Dataset entries
————————
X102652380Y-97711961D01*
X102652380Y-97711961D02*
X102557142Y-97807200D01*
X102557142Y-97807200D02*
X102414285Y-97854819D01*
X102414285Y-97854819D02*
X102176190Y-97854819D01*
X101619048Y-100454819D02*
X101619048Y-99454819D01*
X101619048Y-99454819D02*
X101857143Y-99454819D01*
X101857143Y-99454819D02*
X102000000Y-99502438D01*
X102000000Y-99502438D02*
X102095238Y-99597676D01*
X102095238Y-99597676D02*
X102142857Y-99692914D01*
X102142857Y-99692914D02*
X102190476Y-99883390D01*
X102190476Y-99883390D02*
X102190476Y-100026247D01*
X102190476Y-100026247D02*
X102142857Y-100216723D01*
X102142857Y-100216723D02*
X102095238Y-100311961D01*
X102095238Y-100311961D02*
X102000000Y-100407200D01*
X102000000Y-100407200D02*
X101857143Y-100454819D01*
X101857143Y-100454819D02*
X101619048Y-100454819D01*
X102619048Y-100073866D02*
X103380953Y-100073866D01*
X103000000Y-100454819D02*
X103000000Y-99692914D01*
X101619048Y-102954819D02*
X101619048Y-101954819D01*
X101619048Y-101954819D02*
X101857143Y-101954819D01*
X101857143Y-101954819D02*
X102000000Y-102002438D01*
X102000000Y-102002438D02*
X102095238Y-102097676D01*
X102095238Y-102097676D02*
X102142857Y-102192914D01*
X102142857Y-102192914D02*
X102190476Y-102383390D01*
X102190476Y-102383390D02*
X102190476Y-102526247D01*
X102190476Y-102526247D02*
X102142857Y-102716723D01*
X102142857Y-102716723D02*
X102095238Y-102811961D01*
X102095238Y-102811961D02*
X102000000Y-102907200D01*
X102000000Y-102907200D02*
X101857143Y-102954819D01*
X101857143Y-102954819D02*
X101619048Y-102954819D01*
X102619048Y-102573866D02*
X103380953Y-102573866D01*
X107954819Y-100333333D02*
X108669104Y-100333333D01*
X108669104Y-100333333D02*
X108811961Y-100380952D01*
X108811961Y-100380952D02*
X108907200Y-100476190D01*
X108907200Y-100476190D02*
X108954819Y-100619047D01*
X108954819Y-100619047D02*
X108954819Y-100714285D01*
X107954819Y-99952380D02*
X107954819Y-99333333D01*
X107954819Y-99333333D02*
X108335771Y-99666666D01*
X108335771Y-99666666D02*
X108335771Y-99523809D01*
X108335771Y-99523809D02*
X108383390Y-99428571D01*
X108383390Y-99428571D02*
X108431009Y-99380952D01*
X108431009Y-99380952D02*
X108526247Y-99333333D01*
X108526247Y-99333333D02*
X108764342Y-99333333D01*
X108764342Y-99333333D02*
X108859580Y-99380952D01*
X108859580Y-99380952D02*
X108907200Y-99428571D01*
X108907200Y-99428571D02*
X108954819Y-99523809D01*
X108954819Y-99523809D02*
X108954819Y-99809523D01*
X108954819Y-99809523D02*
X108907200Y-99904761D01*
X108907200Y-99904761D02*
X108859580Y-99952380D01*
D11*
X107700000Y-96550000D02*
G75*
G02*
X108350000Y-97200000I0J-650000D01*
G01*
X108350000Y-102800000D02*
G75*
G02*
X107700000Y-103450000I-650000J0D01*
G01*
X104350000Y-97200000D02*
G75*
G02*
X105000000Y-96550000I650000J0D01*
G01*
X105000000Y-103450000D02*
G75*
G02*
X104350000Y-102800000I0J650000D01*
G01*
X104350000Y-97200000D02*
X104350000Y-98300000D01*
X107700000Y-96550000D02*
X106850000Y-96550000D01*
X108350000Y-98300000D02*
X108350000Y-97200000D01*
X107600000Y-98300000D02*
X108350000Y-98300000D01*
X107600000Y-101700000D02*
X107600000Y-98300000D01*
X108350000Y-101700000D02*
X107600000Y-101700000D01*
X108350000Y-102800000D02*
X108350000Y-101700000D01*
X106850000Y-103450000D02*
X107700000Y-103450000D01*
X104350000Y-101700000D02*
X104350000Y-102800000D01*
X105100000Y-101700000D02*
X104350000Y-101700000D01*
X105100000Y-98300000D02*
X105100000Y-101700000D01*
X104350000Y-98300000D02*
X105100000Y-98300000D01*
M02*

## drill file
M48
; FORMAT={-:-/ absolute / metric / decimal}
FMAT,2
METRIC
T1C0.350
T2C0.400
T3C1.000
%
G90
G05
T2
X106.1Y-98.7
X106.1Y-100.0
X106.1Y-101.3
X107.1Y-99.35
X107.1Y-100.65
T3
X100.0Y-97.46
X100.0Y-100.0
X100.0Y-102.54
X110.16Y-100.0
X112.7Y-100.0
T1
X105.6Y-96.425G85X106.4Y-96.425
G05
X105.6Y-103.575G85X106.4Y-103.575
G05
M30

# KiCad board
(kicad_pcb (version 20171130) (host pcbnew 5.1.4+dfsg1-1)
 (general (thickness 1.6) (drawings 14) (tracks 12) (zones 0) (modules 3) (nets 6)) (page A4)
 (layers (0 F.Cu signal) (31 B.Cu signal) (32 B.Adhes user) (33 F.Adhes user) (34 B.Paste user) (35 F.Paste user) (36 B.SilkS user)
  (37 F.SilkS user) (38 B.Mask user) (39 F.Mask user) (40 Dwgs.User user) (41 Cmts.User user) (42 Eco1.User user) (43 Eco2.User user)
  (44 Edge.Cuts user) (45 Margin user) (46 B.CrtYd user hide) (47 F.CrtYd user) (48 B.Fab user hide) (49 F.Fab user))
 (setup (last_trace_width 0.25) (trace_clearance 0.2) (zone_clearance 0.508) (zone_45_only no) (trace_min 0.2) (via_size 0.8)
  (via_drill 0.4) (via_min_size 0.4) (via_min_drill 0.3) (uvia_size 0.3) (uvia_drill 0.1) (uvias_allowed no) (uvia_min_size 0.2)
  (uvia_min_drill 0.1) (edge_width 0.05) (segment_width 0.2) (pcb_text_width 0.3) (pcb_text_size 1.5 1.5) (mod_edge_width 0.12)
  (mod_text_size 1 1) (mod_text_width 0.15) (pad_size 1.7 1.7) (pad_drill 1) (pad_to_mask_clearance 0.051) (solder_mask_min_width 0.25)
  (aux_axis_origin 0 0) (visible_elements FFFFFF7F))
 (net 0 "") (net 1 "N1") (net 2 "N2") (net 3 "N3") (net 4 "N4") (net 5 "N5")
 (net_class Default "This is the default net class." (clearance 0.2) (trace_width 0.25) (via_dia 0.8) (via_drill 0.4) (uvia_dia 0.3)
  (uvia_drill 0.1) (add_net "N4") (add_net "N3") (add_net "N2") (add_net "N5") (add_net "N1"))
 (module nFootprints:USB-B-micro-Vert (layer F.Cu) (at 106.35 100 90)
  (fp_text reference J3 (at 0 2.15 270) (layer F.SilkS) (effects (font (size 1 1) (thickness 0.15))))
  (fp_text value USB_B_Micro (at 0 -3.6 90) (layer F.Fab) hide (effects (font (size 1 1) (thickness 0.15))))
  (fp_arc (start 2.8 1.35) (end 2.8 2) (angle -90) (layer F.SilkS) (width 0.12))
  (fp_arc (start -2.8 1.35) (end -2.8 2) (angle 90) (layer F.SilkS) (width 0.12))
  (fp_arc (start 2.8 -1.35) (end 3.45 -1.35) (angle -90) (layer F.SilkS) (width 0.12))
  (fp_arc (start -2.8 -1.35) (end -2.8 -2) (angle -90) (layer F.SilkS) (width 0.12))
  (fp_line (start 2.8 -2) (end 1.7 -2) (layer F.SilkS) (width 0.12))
————————
WHAT THE EXERCISE ASKS | Repeat verbatim the opening run of entries, ending with the line that contains "X102190476Y-102383390D02*".

PROBLEM SOLUTION |
X102652380Y-97711961D01*
X102652380Y-97711961D02*
X102557142Y-97807200D01*
X102557142Y-97807200D02*
X102414285Y-97854819D01*
X102414285Y-97854819D02*
X102176190Y-97854819D01*
X101619048Y-100454819D02*
X101619048Y-99454819D01*
X101619048Y-99454819D02*
X101857143Y-99454819D01*
X101857143Y-99454819D02*
X102000000Y-99502438D01*
X102000000Y-99502438D02*
X102095238Y-99597676D01*
X102095238Y-99597676D02*
X102142857Y-99692914D01*
X102142857Y-99692914D02*
X102190476Y-99883390D01*
X102190476Y-99883390D02*
X102190476Y-100026247D01*
X102190476Y-100026247D02*
X102142857Y-100216723D01*
X102142857Y-100216723D02*
X102095238Y-100311961D01*
X102095238Y-100311961D02*
X102000000Y-100407200D01*
X102000000Y-100407200D02*
X101857143Y-100454819D01*
X101857143Y-100454819D02*
X101619048Y-100454819D01*
X102619048Y-100073866D02*
X103380953Y-100073866D01*
X103000000Y-100454819D02*
X103000000Y-99692914D01*
X101619048Y-102954819D02*
X101619048Y-101954819D01*
X101619048Y-101954819D02*
X101857143Y-101954819D01*
X101857143Y-101954819D02*
X102000000Y-102002438D01*
X102000000Y-102002438D02*
X102095238Y-102097676D01*
X102095238Y-102097676D02*
X102142857Y-102192914D01*
X102142857Y-102192914D02*
X102190476Y-102383390D01*
X102190476Y-102383390D02*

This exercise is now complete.